## Aim of the task
Write out, word for word, the part of the listing below that opens with the line containing "X118745000Y-82550000D02*" and closes with the line containing "X123190000Y-83185000D02*", keeping both of those lines and adding no others.

## The data
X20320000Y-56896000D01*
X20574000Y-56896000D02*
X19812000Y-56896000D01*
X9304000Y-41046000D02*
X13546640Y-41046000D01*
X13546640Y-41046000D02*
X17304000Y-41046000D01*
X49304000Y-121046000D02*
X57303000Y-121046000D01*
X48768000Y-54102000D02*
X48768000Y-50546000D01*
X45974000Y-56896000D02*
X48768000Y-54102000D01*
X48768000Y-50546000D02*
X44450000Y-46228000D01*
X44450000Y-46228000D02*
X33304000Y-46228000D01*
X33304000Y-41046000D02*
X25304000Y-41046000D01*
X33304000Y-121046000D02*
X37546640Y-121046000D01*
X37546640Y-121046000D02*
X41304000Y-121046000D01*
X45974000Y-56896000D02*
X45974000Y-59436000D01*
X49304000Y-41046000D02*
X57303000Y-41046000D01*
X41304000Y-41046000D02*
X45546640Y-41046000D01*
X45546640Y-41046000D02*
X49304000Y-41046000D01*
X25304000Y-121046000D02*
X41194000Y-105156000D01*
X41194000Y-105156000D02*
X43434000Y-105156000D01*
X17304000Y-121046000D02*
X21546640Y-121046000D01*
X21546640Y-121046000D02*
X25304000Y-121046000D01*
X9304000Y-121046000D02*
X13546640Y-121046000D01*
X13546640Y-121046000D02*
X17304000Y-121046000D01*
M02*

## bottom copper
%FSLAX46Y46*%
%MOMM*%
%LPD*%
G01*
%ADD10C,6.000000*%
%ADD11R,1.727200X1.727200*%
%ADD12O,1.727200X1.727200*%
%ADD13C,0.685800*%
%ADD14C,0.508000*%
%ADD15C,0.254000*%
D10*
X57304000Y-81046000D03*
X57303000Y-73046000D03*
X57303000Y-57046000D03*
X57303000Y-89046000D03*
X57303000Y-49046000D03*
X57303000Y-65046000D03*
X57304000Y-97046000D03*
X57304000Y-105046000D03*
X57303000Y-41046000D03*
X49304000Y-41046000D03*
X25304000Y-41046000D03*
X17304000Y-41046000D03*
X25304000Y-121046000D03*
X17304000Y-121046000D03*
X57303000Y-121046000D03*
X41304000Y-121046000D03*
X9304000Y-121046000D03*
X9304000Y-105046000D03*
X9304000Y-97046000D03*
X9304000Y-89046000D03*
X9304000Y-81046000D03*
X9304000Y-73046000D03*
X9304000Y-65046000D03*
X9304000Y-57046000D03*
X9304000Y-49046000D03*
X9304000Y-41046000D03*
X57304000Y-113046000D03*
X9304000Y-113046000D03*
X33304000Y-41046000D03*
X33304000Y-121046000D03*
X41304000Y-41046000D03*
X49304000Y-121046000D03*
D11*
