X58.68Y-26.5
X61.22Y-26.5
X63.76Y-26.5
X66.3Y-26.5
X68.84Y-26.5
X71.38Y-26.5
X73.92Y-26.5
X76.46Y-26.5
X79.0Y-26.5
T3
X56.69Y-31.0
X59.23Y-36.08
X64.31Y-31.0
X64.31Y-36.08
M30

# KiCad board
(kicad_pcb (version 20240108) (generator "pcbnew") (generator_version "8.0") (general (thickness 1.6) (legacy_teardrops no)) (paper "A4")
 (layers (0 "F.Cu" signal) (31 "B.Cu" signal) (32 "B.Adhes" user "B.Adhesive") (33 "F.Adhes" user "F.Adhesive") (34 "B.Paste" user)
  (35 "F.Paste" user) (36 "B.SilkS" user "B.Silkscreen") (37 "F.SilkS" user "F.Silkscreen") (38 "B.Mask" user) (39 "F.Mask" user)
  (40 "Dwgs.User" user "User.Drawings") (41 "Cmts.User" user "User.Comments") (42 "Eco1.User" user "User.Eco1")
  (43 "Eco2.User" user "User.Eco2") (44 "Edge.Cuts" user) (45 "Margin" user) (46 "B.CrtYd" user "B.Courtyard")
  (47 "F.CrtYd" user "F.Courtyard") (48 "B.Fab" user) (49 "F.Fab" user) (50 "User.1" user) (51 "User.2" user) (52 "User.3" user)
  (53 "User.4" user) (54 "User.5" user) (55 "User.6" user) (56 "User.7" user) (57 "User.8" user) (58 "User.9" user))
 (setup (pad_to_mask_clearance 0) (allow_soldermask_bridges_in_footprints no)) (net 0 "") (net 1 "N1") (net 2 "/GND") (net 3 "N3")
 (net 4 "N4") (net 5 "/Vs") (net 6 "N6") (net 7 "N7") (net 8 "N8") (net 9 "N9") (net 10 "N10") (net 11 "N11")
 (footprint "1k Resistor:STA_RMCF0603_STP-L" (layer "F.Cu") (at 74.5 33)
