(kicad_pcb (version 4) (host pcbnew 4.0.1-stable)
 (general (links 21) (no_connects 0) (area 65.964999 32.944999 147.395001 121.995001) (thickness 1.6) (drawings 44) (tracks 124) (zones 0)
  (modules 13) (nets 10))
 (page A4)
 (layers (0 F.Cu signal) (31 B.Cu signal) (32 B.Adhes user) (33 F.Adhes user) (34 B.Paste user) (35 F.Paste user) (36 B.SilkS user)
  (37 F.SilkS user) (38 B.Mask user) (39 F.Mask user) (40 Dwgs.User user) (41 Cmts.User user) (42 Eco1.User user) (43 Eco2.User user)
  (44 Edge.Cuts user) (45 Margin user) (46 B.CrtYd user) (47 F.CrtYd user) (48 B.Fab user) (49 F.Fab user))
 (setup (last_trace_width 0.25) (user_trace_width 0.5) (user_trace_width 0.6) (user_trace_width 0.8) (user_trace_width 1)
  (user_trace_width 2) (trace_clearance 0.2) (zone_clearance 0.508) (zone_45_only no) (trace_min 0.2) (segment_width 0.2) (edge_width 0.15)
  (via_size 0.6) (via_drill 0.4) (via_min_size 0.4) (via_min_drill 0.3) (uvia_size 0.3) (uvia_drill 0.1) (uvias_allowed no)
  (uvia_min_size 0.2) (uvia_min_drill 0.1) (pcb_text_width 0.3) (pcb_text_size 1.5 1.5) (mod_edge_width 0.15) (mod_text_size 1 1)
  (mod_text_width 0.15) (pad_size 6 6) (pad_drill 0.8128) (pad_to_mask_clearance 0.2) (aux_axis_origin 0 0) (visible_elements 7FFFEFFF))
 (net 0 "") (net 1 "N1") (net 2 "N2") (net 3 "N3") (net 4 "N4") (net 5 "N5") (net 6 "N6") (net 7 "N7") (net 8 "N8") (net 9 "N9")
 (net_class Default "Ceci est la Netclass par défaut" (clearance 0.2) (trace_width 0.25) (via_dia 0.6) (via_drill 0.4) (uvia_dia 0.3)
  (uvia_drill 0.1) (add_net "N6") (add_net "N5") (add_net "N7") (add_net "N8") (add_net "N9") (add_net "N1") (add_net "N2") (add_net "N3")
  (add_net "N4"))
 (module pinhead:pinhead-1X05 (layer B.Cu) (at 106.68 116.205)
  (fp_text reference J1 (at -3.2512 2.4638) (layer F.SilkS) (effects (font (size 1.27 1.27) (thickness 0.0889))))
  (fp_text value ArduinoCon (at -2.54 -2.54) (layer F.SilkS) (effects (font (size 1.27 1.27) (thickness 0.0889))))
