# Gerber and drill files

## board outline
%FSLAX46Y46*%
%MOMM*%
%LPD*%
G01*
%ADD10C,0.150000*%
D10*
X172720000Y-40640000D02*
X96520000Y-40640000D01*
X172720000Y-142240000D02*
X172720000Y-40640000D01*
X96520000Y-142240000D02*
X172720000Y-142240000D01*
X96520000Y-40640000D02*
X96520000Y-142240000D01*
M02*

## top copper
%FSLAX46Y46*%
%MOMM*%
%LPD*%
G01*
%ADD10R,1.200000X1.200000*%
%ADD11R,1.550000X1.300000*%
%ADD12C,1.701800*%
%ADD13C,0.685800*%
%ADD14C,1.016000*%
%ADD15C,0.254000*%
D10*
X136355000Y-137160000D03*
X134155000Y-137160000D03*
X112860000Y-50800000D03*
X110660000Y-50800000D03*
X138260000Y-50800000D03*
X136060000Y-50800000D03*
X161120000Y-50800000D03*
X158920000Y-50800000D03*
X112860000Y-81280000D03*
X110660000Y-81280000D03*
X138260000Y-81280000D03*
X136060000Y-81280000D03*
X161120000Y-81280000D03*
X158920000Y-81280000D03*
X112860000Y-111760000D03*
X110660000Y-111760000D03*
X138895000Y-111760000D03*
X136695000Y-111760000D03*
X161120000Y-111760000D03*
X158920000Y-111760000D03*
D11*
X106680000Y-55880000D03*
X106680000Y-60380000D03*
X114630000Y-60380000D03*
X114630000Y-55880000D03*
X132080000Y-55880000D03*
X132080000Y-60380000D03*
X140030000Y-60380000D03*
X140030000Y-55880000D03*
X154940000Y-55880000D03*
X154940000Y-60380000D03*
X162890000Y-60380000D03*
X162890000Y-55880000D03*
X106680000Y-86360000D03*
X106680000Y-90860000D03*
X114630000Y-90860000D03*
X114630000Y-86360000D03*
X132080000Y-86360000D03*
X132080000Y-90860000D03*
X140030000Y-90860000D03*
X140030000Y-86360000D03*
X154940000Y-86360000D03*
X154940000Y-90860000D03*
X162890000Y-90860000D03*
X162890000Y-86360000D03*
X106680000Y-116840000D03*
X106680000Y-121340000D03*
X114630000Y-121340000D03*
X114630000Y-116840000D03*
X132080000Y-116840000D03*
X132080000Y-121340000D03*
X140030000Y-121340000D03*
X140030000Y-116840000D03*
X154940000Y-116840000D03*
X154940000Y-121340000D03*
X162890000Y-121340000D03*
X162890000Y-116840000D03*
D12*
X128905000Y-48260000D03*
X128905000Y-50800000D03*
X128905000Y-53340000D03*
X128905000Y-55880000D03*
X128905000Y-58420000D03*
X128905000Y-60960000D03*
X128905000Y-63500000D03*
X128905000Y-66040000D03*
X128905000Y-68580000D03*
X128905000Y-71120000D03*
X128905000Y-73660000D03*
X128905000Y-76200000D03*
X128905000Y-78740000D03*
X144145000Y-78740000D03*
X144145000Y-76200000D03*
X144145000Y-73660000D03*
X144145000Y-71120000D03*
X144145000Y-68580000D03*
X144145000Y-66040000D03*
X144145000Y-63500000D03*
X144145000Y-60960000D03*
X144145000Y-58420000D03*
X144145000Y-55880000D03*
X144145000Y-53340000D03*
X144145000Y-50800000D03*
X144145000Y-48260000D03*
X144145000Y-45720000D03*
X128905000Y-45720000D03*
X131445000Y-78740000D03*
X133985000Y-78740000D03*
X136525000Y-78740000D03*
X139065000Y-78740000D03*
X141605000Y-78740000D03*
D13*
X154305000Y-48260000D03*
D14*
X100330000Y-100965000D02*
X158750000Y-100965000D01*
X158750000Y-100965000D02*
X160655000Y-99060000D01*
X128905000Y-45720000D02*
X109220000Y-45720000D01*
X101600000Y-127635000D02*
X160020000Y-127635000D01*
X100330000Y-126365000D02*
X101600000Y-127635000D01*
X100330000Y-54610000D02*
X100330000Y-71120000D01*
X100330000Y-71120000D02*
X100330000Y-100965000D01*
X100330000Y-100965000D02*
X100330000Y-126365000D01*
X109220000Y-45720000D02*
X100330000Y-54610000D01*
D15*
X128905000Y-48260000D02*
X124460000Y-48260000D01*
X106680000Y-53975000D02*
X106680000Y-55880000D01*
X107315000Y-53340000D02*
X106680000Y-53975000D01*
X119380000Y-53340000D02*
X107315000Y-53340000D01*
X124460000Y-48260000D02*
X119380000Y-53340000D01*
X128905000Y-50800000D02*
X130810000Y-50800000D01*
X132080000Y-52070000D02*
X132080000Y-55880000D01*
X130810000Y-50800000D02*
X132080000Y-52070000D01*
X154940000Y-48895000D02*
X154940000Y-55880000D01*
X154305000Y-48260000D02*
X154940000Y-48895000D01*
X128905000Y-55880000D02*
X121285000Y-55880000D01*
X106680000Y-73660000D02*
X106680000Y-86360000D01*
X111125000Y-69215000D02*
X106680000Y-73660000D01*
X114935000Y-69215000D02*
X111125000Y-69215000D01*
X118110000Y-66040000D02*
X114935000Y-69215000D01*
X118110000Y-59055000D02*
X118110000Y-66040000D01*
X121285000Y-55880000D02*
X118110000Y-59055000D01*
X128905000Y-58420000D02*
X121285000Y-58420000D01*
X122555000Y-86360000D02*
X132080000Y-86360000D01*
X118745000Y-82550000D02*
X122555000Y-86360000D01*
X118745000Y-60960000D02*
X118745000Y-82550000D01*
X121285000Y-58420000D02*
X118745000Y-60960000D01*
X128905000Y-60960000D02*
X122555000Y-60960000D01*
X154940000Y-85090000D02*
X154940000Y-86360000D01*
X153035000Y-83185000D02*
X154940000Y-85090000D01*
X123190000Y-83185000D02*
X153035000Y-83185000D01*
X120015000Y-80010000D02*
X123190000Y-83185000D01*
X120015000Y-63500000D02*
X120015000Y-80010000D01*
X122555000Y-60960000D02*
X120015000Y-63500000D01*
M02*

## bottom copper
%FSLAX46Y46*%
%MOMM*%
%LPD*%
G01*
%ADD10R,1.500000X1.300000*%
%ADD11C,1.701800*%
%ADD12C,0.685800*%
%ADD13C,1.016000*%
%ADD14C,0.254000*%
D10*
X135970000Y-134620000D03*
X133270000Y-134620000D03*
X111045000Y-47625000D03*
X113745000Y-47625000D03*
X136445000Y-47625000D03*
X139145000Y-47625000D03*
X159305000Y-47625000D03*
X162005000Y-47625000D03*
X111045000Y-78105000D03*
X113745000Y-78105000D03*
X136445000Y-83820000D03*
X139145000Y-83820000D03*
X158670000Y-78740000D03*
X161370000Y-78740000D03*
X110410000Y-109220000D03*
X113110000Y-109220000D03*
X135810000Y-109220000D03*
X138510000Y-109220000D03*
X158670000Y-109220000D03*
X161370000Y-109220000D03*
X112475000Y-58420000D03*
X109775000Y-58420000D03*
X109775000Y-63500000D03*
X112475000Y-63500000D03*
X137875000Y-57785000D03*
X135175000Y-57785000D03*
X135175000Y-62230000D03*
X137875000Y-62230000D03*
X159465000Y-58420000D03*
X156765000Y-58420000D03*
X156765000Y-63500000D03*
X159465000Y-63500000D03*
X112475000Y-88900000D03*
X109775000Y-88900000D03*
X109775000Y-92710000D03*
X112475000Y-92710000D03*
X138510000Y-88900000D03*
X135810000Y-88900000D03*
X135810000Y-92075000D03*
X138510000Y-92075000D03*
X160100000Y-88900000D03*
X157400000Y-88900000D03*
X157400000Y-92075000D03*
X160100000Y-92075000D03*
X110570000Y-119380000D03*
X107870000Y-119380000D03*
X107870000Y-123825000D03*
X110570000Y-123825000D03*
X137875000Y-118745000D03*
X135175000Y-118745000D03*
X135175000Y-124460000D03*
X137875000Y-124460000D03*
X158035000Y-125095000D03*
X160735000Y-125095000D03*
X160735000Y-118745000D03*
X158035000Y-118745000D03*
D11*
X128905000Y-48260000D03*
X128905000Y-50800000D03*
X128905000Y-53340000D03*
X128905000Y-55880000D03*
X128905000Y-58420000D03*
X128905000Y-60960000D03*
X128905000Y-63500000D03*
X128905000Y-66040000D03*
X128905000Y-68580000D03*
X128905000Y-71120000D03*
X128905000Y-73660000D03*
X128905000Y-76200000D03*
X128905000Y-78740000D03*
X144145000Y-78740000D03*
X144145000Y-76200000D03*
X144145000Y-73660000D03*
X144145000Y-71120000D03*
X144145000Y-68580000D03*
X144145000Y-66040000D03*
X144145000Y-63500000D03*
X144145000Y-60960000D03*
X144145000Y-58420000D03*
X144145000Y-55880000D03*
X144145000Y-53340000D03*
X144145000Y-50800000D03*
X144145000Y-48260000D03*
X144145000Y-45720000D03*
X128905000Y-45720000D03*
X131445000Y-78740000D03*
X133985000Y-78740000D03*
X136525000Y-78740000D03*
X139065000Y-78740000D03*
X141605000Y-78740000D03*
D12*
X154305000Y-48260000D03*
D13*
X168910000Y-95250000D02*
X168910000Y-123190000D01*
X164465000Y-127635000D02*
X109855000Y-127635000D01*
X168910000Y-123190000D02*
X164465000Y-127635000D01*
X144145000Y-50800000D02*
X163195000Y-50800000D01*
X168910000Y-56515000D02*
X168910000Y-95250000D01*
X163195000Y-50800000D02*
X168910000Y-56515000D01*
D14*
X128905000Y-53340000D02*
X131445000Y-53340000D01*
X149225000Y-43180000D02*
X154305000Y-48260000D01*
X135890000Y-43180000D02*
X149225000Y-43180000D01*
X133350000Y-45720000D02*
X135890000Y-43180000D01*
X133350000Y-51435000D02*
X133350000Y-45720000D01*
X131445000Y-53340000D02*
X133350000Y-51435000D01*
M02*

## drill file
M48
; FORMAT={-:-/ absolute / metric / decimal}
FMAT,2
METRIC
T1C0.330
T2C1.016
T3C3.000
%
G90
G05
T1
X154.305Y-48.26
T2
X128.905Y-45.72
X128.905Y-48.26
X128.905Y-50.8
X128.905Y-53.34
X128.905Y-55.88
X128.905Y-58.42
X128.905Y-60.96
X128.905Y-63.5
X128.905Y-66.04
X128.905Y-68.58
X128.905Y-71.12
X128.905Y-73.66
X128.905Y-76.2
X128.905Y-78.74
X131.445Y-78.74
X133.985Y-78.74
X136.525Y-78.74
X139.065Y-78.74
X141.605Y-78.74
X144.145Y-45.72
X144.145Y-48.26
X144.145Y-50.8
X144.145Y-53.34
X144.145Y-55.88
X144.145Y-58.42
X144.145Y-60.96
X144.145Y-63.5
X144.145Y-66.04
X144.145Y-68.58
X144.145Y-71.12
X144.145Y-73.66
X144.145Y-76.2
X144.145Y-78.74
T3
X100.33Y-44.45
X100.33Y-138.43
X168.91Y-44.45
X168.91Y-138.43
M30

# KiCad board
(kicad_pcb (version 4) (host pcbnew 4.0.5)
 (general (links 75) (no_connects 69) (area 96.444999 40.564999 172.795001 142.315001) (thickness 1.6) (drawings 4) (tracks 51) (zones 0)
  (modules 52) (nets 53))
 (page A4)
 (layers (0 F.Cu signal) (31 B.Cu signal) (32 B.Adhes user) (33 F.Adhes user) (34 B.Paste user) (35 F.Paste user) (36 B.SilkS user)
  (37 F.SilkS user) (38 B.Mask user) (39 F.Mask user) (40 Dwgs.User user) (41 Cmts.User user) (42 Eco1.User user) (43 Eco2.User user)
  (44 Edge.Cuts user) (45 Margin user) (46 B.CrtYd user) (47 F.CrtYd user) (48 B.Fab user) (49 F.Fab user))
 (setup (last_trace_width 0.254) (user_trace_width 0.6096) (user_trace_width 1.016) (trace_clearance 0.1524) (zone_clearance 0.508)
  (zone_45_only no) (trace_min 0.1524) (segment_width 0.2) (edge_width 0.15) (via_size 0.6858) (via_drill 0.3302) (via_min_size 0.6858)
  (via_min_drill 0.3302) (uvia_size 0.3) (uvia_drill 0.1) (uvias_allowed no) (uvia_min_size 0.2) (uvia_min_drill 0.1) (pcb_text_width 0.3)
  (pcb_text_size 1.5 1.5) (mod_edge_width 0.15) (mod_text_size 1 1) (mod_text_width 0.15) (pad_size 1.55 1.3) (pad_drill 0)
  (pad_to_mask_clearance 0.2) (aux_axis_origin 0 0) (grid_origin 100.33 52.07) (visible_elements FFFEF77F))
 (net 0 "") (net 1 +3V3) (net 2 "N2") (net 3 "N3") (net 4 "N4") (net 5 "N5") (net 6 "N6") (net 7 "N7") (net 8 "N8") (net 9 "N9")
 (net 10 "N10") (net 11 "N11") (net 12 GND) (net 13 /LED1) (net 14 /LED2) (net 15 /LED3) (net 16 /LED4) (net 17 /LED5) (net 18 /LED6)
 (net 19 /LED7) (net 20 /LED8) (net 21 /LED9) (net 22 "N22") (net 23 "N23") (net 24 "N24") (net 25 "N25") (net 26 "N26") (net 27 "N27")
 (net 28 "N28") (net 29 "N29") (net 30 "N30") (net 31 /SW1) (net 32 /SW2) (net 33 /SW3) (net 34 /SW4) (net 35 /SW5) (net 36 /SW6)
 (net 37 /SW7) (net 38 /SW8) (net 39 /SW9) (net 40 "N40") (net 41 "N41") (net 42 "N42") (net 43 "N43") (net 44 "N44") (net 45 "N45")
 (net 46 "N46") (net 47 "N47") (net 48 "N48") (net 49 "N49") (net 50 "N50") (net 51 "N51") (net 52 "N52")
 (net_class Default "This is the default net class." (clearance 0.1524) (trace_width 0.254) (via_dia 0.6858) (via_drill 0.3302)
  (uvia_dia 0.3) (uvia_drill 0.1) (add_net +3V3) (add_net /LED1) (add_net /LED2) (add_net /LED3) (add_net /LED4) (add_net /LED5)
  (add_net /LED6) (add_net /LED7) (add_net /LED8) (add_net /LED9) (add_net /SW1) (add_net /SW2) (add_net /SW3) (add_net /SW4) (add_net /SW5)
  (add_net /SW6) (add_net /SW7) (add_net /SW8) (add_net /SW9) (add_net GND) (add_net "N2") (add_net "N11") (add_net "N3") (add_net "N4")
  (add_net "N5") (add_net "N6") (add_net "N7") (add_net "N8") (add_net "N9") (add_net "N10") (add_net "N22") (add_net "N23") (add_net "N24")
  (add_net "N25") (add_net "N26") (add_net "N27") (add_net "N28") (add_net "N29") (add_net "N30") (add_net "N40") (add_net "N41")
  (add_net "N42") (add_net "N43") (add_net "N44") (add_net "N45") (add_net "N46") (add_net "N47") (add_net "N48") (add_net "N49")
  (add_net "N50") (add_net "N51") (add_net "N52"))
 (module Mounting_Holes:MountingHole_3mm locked (layer F.Cu) (at 168.91 138.43)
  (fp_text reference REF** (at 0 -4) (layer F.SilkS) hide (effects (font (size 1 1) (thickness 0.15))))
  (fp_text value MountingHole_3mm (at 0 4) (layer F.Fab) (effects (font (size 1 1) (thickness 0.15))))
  (pad 1 np_thru_hole circle (at 0 0) (size 3 3) (drill 3) (layers *.Cu *.Mask)))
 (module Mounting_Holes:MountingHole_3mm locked (layer F.Cu) (at 100.33 138.43)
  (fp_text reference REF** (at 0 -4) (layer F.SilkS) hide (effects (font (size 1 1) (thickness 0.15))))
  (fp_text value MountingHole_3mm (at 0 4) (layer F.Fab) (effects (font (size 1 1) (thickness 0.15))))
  (pad 1 np_thru_hole circle (at 0 0) (size 3 3) (drill 3) (layers *.Cu *.Mask)))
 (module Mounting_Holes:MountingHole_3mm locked (layer F.Cu) (at 100.33 44.45)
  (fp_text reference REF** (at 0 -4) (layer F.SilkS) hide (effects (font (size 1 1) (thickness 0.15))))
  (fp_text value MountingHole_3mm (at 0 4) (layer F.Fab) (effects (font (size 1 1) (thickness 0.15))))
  (pad 1 np_thru_hole circle (at 0 0) (size 3 3) (drill 3) (layers *.Cu *.Mask)))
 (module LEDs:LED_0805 (layer F.Cu) (at 135.255 137.16)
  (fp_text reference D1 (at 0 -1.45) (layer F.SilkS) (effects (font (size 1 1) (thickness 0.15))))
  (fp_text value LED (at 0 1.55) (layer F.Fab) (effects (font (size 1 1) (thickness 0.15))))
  (pad 2 smd rect (at 1.1 0 180) (size 1.2 1.2) (layers F.Cu F.Paste F.Mask) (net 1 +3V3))
  (pad 1 smd rect (at -1.1 0 180) (size 1.2 1.2) (layers F.Cu F.Paste F.Mask) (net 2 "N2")))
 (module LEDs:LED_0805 (layer F.Cu) (at 111.76 50.8)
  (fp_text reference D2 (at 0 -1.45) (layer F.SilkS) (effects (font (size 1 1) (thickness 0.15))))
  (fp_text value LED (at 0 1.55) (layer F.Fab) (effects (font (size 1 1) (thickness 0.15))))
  (pad 2 smd rect (at 1.1 0 180) (size 1.2 1.2) (layers F.Cu F.Paste F.Mask) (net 1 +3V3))
  (pad 1 smd rect (at -1.1 0 180) (size 1.2 1.2) (layers F.Cu F.Paste F.Mask) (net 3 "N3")))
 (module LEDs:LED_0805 (layer F.Cu) (at 137.16 50.8)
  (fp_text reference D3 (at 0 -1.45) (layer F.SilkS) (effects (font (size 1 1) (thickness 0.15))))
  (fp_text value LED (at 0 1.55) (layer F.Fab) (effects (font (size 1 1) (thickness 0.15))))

## Completed task
X118745000Y-82550000D02*
X122555000Y-86360000D01*
X118745000Y-60960000D02*
X118745000Y-82550000D01*
X121285000Y-58420000D02*
X118745000Y-60960000D01*
X128905000Y-60960000D02*
X122555000Y-60960000D01*
X154940000Y-85090000D02*
X154940000Y-86360000D01*
X153035000Y-83185000D02*
X154940000Y-85090000D01*
X123190000Y-83185000D02*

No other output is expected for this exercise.